Si les conflits sont inévitables, les surmonter sans faire de perdant est possible
La sagesse populaire croit que la santé d’une institution, qu’il s’agisse d’une entreprise, d’un couple ou d’une famille, est inversement proportionnelle au nombre de conflits qui l’agitent. Pour John Gottman, expert en thérapies conjugales, c’est plutôt la proportion élevée de conflits résolus qui est signe de bonne santé.
Prenons l’exemple de notre club Toastmasters. Dernièrement, la question de scinder ou non le club a divisé le bureau. Une partie considérait le club trop grand pour conserver son atmosphère conviviale, tandis que l’autre estimait que la taille lui permettait d’attirer davantage de nouveaux membres.
Comment résoudre un tel conflit sans que l’une des parties n’ait le sentiment de perdre la bataille ? Le psychologue Thomas Gordon, dont nous avons parlé dans un billet précédent a mis au point une méthode, la gestion des conflits “Tous gagnants”.
CHERCHER D’ABORD A ANTICIPER LE CONFLIT
Supposez qu’au bureau, vous êtes la responsable de Julien. Celui-ci rencontre un problème qui va affecter sa performance et, par ricochet, la vôtre. Si Julien résout son problème avant qu’il ne devienne le vôtre, vous éviterez le conflit. Pour cela, l’écoute réflective, une des compétences de l’entretien motivationnel, peut aider Julien à résoudre son problème en le motivant à changer son comportement.
De même, le Message-Je aide à désamorcer un conflit. En exprimant votre besoin à la première personne, vous préemptez le comportement de l’autre partie. Par exemple, “j’ai besoin de calme aujourd’hui pour écrire mon discours” incitera (peut-être) votre fils à jouer moins bruyamment ce matin dans le couloir.
DÉPASSER LES MÉTHODES TRADITIONNELLES
Malheureusement, il faut parfois affronter l’obstacle. Etablir un rapport de forces est la technique utilisée habituellement dans ses deux variantes : l’autoritaire (“Je gagne”/“Vous perdez”) ou laxiste (“Je perds”/“Vous gagnez”). L’une comme l’autre provoque frustration et ressentiment chez le perdant.
Pour sortir d’un conflit “par le haut” en satisfaisant les deux parties, Gordon propose donc l’approche “Tous gagnants”. Elle comporte six étapes.
Tout d’abord, problématiser le conflit. Il s’agit ici de comprendre le point de vue de l’autre, ses préoccupations et ses besoins sous-jacents. Là encore, l’écoute réflective approfondit le problème, tandis que le Message-Je exprime ce problème de votre point de vue sans accuser l’autre, mais sans non plus minorer votre ressenti.
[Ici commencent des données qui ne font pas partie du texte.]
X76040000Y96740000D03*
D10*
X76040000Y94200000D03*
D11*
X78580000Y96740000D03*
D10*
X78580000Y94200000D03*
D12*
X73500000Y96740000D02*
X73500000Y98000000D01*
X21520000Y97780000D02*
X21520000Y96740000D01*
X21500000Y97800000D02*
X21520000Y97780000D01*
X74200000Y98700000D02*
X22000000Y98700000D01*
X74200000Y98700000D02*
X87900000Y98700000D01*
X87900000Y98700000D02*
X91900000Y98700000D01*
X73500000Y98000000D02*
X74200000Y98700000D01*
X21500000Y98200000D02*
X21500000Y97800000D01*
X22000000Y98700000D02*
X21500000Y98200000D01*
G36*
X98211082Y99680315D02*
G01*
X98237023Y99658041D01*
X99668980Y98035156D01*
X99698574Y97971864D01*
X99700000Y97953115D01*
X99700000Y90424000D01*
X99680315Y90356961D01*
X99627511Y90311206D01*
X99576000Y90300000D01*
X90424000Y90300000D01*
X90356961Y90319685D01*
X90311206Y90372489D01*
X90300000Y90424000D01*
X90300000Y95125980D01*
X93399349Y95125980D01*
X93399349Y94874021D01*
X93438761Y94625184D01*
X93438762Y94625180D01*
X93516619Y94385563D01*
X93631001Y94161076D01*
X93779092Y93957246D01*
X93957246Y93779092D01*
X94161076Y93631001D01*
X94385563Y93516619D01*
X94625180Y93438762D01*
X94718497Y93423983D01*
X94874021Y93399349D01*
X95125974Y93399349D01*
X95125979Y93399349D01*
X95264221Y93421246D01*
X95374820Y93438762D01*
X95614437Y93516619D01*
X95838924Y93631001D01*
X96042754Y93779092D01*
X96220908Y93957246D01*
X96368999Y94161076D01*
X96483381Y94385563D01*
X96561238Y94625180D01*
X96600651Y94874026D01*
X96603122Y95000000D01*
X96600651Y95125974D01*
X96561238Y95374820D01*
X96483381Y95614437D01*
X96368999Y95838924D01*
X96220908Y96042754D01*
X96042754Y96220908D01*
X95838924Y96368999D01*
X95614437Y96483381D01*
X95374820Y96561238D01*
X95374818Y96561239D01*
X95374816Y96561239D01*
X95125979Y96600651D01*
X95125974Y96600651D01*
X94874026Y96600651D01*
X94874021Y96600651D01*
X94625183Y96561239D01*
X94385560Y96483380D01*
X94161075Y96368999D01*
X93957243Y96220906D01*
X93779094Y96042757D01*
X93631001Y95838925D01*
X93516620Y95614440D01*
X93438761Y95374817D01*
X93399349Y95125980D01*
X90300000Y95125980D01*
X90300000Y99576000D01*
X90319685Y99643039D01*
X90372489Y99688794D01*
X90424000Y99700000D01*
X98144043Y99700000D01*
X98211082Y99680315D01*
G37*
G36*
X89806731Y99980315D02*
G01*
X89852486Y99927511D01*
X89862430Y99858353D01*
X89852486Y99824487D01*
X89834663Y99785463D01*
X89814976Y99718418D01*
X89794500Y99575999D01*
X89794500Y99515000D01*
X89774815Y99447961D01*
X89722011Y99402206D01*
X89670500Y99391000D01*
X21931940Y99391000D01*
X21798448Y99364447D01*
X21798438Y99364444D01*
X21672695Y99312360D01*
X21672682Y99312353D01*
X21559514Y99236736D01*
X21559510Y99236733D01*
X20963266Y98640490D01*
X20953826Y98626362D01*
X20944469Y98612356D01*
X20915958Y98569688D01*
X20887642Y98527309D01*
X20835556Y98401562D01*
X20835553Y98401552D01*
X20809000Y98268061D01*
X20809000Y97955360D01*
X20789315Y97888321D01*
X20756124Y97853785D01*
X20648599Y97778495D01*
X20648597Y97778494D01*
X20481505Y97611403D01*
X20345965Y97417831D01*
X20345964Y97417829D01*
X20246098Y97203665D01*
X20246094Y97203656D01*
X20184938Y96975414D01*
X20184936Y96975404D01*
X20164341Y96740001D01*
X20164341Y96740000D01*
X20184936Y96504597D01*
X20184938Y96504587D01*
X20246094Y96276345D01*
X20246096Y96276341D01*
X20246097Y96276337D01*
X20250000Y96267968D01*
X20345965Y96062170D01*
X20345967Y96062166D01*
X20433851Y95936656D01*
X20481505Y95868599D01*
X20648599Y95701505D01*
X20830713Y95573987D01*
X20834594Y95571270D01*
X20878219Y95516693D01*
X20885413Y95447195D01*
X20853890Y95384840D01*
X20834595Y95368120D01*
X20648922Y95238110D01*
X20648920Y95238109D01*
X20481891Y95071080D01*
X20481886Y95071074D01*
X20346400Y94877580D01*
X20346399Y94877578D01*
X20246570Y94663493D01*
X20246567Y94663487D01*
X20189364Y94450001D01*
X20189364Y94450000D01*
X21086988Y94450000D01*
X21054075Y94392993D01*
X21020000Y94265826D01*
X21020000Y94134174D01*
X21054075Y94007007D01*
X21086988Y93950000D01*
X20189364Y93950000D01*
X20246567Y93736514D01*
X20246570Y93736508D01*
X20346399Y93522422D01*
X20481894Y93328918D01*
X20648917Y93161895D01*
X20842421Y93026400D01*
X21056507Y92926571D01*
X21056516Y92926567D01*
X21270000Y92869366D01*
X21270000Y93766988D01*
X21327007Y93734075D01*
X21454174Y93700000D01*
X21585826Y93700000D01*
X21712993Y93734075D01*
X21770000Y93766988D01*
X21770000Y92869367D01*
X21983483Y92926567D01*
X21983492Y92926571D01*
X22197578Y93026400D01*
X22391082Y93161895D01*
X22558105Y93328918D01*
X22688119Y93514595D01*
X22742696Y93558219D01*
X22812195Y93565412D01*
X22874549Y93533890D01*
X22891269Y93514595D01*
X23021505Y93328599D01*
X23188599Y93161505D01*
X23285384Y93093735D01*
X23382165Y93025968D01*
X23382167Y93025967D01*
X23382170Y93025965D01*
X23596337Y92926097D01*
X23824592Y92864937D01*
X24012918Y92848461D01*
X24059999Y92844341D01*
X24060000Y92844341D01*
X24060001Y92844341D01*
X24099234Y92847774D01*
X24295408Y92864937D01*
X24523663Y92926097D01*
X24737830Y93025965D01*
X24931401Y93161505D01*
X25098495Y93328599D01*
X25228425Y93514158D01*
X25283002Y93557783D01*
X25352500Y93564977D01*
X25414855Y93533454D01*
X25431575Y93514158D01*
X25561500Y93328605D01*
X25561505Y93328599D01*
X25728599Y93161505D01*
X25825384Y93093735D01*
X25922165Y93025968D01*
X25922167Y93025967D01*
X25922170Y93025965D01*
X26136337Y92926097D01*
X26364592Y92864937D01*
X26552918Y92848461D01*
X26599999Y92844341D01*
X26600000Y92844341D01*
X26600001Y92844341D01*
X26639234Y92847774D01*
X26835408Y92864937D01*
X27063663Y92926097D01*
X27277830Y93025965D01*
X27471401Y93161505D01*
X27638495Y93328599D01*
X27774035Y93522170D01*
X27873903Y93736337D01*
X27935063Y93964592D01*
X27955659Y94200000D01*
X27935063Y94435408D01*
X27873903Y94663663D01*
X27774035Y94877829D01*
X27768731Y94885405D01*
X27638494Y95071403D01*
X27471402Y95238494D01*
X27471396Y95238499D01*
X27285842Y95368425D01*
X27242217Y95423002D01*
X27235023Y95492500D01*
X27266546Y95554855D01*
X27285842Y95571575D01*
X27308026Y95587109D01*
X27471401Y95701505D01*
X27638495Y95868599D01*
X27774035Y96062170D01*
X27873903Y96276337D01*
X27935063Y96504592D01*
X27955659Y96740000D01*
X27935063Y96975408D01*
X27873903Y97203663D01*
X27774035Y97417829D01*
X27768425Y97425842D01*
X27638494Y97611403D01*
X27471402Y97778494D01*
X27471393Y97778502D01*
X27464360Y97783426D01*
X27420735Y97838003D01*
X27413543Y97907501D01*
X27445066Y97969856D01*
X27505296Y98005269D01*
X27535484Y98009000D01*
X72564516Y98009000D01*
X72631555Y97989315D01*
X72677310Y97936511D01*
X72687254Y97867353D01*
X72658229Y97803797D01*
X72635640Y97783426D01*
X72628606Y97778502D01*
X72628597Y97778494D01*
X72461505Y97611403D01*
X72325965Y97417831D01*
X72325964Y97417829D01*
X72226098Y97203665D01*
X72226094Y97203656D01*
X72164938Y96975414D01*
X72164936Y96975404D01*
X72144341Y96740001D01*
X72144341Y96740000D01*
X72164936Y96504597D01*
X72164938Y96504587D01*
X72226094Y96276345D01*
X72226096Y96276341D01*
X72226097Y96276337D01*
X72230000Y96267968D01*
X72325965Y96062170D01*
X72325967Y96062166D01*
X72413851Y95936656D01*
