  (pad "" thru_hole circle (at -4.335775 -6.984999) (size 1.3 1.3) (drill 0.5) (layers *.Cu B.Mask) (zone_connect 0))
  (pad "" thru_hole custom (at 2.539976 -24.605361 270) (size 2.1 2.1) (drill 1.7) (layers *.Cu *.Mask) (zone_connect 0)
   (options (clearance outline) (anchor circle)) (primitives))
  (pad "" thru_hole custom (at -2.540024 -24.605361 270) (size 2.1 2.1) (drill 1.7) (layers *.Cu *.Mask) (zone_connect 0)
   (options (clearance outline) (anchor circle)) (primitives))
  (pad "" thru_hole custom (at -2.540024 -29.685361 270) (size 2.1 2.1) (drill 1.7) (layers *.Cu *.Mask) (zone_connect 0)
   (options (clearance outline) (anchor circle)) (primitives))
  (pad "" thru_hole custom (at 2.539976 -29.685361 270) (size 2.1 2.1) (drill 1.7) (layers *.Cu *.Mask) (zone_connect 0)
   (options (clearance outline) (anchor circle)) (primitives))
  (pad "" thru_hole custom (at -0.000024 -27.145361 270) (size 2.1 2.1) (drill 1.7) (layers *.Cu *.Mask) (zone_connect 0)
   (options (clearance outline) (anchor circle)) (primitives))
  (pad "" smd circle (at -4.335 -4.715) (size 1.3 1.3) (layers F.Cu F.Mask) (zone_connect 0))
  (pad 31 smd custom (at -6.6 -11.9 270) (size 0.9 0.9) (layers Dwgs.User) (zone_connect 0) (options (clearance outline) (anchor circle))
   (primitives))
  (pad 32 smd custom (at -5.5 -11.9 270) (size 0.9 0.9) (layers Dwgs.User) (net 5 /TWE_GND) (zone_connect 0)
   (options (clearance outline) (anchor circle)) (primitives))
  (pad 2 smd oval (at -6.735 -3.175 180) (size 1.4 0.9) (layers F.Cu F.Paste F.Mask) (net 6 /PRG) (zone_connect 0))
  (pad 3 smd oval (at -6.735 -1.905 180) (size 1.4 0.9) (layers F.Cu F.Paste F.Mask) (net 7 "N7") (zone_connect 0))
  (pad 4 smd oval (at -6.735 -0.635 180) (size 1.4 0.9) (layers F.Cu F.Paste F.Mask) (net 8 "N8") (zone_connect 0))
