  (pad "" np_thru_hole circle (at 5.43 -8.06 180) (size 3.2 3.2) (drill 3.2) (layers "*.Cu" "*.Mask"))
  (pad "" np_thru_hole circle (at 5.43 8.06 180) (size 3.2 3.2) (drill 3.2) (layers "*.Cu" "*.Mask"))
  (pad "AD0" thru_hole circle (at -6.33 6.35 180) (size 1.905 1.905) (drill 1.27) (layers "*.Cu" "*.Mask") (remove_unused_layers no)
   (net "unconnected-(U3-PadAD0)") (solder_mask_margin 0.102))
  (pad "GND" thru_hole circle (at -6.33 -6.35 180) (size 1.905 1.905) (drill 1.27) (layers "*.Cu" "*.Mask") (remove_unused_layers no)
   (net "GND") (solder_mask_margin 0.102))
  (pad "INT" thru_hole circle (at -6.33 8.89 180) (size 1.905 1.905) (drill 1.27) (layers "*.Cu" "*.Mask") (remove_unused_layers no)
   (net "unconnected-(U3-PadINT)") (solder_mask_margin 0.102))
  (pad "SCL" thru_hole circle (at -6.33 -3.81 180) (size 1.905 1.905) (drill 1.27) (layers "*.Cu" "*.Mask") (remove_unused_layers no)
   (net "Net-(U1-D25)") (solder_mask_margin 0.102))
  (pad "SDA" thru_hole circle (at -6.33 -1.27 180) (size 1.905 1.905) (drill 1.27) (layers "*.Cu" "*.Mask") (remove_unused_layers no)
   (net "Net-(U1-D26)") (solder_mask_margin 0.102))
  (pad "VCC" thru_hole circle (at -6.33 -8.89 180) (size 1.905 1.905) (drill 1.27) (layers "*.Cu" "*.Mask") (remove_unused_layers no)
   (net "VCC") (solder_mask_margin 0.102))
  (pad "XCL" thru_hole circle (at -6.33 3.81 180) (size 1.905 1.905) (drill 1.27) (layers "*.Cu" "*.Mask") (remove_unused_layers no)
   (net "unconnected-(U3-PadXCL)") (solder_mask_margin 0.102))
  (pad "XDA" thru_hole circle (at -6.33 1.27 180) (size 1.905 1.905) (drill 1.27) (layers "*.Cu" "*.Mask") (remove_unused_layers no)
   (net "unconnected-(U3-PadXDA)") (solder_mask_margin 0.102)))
Ensuite, générer les solutions possibles. C’est la phase créative de la méthode. La quantité prévaut sur la qualité. Évaluation, critique et jugement sont provisoirement suspendus. Il est préférable de commencer par les idées de l’autre partie et les approfondir grâce à l’écoute réflective.
Par la suite, évaluer les options. Pour cela, les questions ouvertes ont toute leur place : quels sont les avantages et les inconvénients de cette solution ? Pourquoi pourrait-elle ne pas marcher ? Les reflets permettent d’approfondir le point de vue de l’autre.
Puis décider. La clé est que la décision vienne de l’autre sans qu’on ait à le persuader ou à le pousser vers une solution.
Enfin vient le temps de mettre en œuvre la décision. Il est toujours préférable de parier sur la confiance plutôt que sur les châtiments en cas de non-respect de la décision. Si autrui n’honore pas l’accord, un message-Je est bienvenu pour le rappeler.
Finalement, suivre la mise en œuvre de la décision et évaluer son résultat. A ce titre, il faut toujours rester souple et garder la porte ouverte pour une reprise de la discussion.
LES BÉNÉFICES D’UNE TELLE APPROCHE
Cette méthode permet de prendre des décisions de meilleure qualité car elles sont construites simultanément par les deux parties en conflit. Les solutions sont adaptées aux besoins et non pas toutes faites. Interagir avec l’autre motive chaque partie à trouver la meilleure solution.
Décider devient aussi plus rapide. Enfin, l’approche “Tous gagnants” préserve les bonnes relations avec l’autre partie.
POUR ALLER PLUS LOIN
L’approche de résolution des conflits de Thomas Gordon constitue donc un progrès par rapport aux méthodes traditionnelles basées sur le rapport de force.
Dans un prochain billet, nous étudierons un cas pratique illustrant cette méthode.